Member of the New Mexico Senate from the 32nd district
- In office January 1, 2013 – December 31, 2024
- Preceded by: Timothy Jennings
- Succeeded by: Candy Ezzell

Personal details
- Born: 1985 or 1986 (age 40–41)
- Party: Republican
- Website: cliffpirtle.com

= Cliff Pirtle =

American politician

Cliff R. Pirtle (born 1985/1986) is an American politician who served as a Republican member of the New Mexico Senate, representing district 32 from January 1, 2013 to December 31, 2024.

== Controversy ==
On March 12, 2023, Santa Fe, NM, police officers were dispatched to home that Cliff R. Pirtle rented in Santa Fe during the 2023 legislative session. Officers responded to a domestic dispute between Cliff and his wife Aysia Pirtle. The disturbance between them began when Ms. Pirtle caught her husband in bed with a New Mexico Senate employee.

==Education and career ==
Pirtle graduated from Roswell High School.

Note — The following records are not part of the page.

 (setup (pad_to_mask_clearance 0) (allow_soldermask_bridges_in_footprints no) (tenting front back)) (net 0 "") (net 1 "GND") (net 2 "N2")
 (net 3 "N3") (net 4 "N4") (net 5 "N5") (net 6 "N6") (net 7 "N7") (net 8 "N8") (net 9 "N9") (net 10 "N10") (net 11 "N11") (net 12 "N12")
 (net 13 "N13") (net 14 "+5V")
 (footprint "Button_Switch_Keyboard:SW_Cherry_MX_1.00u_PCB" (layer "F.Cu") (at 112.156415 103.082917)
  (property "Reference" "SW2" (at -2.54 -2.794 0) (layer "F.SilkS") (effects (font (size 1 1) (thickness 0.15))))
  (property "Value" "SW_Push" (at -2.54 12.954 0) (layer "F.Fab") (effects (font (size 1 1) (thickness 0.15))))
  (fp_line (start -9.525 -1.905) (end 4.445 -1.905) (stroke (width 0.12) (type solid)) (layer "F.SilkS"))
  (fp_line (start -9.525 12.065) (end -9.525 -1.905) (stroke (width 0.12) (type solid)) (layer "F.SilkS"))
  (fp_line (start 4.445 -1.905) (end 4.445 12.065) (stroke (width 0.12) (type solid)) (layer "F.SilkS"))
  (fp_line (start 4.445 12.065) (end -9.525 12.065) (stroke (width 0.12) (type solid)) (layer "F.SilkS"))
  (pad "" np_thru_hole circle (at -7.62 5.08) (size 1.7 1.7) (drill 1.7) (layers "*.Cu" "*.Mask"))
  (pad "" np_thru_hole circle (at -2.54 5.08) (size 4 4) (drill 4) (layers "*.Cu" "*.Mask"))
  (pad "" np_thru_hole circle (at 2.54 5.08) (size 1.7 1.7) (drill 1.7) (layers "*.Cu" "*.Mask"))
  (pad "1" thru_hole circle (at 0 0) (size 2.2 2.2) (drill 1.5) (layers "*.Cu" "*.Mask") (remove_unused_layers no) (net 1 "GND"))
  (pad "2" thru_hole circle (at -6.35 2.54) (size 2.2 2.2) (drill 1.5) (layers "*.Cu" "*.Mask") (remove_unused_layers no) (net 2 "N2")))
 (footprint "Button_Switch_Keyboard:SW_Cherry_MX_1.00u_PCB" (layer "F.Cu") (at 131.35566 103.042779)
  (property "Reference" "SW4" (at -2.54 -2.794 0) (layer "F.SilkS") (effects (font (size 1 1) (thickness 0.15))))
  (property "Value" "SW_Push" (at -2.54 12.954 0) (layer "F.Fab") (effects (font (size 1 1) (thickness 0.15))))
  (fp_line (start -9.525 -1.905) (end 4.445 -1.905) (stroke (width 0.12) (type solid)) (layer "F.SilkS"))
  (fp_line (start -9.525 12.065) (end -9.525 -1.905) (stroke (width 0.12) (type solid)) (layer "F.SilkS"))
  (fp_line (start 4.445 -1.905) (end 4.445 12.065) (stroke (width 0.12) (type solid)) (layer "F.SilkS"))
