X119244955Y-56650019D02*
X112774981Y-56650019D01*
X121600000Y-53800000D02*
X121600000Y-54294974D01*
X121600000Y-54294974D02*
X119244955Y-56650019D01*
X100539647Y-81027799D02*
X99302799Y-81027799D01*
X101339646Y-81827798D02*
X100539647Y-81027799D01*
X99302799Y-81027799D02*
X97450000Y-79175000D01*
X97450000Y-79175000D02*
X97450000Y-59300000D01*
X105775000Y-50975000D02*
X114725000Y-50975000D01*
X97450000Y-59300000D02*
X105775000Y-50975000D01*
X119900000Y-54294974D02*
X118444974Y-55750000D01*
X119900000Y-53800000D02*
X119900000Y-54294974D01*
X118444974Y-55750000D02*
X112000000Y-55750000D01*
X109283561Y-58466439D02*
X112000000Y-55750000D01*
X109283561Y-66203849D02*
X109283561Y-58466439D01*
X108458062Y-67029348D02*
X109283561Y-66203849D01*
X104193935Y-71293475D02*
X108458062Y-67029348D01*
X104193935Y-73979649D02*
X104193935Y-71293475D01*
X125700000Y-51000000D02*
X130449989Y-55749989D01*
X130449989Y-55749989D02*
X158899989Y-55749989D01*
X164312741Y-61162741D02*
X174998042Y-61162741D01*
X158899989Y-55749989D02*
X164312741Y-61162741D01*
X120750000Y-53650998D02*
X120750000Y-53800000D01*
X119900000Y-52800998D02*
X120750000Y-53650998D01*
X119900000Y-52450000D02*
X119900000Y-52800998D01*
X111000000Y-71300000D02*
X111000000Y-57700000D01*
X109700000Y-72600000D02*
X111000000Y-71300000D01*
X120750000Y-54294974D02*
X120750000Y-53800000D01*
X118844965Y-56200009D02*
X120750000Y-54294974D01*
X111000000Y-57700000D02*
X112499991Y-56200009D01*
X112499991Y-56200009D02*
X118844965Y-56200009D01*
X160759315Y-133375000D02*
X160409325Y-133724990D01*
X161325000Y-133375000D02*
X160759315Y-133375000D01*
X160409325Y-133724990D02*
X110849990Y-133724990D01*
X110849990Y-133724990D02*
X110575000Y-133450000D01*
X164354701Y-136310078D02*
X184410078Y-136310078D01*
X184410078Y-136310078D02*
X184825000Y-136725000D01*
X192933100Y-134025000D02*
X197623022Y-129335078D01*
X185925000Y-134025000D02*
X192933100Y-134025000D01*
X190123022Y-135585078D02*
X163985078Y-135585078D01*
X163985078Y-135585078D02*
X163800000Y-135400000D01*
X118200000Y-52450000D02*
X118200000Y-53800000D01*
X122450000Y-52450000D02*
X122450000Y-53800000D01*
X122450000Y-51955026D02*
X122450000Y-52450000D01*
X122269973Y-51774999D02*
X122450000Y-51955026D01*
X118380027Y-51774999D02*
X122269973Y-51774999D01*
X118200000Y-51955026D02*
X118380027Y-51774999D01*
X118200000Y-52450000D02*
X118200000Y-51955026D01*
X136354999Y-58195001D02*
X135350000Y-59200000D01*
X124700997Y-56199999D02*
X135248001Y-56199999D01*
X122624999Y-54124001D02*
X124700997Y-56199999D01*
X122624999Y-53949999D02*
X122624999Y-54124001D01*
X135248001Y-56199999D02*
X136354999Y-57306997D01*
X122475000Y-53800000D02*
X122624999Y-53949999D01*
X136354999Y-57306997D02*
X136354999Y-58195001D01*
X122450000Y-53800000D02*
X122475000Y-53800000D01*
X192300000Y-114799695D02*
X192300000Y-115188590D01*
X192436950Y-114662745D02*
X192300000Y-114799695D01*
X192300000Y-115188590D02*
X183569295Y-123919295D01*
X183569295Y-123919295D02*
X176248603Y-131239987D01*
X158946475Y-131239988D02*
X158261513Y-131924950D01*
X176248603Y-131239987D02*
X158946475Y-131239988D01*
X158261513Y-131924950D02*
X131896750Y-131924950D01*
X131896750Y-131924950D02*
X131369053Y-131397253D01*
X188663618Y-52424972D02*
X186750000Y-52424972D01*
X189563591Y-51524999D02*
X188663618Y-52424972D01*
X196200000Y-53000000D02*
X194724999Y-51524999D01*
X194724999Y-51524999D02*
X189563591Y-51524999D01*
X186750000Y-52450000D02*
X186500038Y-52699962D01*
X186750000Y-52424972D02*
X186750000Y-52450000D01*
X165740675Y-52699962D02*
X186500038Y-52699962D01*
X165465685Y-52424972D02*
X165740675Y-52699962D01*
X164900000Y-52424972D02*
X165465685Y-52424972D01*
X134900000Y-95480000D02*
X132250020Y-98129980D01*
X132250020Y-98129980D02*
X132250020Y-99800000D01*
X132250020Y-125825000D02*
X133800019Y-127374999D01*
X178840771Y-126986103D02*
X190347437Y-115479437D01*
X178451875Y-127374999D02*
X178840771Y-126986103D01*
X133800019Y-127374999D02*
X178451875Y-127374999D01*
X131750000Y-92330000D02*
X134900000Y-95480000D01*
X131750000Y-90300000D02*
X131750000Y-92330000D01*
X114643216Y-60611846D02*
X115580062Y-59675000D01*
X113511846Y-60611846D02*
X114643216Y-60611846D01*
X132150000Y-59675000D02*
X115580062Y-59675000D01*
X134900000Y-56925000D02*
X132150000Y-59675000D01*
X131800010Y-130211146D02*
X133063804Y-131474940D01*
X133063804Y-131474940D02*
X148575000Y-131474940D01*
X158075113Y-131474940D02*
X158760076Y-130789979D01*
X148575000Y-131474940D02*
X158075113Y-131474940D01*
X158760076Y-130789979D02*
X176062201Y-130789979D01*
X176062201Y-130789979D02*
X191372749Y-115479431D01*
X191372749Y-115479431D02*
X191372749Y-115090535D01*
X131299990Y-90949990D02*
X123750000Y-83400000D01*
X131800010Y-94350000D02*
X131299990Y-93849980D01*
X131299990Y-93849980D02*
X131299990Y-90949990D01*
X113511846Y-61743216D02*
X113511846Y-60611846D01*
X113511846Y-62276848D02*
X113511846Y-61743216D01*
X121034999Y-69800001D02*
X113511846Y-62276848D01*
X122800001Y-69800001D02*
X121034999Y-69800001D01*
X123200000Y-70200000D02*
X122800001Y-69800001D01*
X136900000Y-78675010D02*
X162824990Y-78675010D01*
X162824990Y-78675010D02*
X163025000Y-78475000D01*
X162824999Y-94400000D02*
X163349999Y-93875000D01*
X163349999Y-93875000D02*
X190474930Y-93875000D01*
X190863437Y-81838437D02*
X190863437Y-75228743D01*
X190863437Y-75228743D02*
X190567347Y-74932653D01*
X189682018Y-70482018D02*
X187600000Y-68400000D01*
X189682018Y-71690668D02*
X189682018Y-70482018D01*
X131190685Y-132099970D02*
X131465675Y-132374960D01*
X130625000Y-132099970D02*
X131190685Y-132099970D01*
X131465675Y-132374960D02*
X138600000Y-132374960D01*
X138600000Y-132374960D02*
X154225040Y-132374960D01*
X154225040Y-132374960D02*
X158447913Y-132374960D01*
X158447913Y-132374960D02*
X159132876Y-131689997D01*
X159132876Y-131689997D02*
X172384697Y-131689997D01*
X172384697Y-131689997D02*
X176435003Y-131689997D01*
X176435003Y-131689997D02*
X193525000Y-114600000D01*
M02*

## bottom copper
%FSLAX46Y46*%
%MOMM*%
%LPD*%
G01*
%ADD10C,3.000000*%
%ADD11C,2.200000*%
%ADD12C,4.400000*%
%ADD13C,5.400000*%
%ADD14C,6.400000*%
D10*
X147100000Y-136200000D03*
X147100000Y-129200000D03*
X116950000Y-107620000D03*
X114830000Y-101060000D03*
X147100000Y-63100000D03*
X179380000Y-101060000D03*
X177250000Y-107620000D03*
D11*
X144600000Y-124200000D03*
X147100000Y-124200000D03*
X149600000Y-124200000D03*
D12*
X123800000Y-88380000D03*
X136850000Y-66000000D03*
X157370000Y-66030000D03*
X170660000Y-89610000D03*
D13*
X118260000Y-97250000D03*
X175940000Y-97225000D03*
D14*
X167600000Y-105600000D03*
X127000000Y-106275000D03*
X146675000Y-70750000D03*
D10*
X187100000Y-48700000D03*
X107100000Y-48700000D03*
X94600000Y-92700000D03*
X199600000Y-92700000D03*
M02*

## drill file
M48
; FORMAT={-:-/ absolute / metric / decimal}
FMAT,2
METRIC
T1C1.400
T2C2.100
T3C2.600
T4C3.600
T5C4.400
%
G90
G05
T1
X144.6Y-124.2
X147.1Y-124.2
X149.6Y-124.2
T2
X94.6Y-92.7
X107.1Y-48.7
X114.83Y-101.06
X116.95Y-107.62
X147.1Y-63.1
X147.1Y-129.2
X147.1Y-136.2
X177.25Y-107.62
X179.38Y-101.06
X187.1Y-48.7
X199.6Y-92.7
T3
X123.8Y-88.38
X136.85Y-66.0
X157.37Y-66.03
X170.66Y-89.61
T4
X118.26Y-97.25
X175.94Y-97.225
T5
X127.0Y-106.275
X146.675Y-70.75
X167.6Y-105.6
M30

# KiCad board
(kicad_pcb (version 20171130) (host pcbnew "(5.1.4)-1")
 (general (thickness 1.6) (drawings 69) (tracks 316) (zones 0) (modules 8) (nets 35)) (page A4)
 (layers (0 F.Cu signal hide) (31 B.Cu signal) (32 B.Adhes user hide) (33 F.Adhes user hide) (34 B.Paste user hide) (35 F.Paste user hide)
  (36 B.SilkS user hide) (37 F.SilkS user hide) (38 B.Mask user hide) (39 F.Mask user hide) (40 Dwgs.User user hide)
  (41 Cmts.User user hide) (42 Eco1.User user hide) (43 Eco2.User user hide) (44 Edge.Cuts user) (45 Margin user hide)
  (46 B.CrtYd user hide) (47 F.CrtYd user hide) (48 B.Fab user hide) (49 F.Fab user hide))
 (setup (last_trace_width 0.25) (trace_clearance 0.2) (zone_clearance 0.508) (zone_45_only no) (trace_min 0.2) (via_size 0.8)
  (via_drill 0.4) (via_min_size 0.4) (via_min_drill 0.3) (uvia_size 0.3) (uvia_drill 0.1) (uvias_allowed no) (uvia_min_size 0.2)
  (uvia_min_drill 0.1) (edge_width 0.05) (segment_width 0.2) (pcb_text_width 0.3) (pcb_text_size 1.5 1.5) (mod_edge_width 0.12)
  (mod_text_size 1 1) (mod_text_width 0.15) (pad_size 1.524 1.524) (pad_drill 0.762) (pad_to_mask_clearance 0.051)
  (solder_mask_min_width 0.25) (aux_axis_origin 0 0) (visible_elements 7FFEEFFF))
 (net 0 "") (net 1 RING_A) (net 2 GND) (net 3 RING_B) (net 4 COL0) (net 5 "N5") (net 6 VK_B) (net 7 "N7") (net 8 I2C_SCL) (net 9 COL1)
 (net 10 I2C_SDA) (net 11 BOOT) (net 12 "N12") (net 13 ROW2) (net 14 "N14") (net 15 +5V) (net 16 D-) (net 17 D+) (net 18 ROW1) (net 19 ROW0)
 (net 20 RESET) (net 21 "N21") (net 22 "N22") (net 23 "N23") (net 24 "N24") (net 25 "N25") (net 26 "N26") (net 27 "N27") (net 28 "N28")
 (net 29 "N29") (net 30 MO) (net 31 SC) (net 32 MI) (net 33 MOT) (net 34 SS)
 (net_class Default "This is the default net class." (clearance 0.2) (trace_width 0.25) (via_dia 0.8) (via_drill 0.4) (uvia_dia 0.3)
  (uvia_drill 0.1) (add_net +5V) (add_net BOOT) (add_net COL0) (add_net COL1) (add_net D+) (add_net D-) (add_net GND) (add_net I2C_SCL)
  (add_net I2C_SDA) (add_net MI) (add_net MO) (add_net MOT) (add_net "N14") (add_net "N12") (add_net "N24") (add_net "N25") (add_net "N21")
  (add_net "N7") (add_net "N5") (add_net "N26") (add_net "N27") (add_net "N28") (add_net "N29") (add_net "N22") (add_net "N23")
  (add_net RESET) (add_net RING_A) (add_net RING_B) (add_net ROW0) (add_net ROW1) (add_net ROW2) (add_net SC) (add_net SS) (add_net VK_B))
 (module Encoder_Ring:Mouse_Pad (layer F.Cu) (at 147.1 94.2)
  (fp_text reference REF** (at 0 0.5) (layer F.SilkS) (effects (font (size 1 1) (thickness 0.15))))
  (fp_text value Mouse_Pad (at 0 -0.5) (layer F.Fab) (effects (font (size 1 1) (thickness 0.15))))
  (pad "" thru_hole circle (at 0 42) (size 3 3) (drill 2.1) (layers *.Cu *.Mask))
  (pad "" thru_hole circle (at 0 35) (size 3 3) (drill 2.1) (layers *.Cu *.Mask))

In December 2020, in the aftermath of the 2020 presidential election, Pirtle supported an audit of the election. Pirtle claimed it was unclear whether Biden won the presidency.

==Elections==
- 2012: To challenge District 32 incumbent Democratic Senator Timothy Jennings, Pirtle ran in the June 5, 2012 Republican Primary, winning by 9 votes with 1,018 votes (50.2%) and won the November 6, 2012 General election with 5,930 votes (52.3%) against Senator Jennings, who had served in the seat since 1979.
- 2024: Pirtle chose not to seek re-election. Candy Ezzell succeeded him as the district 32 senator.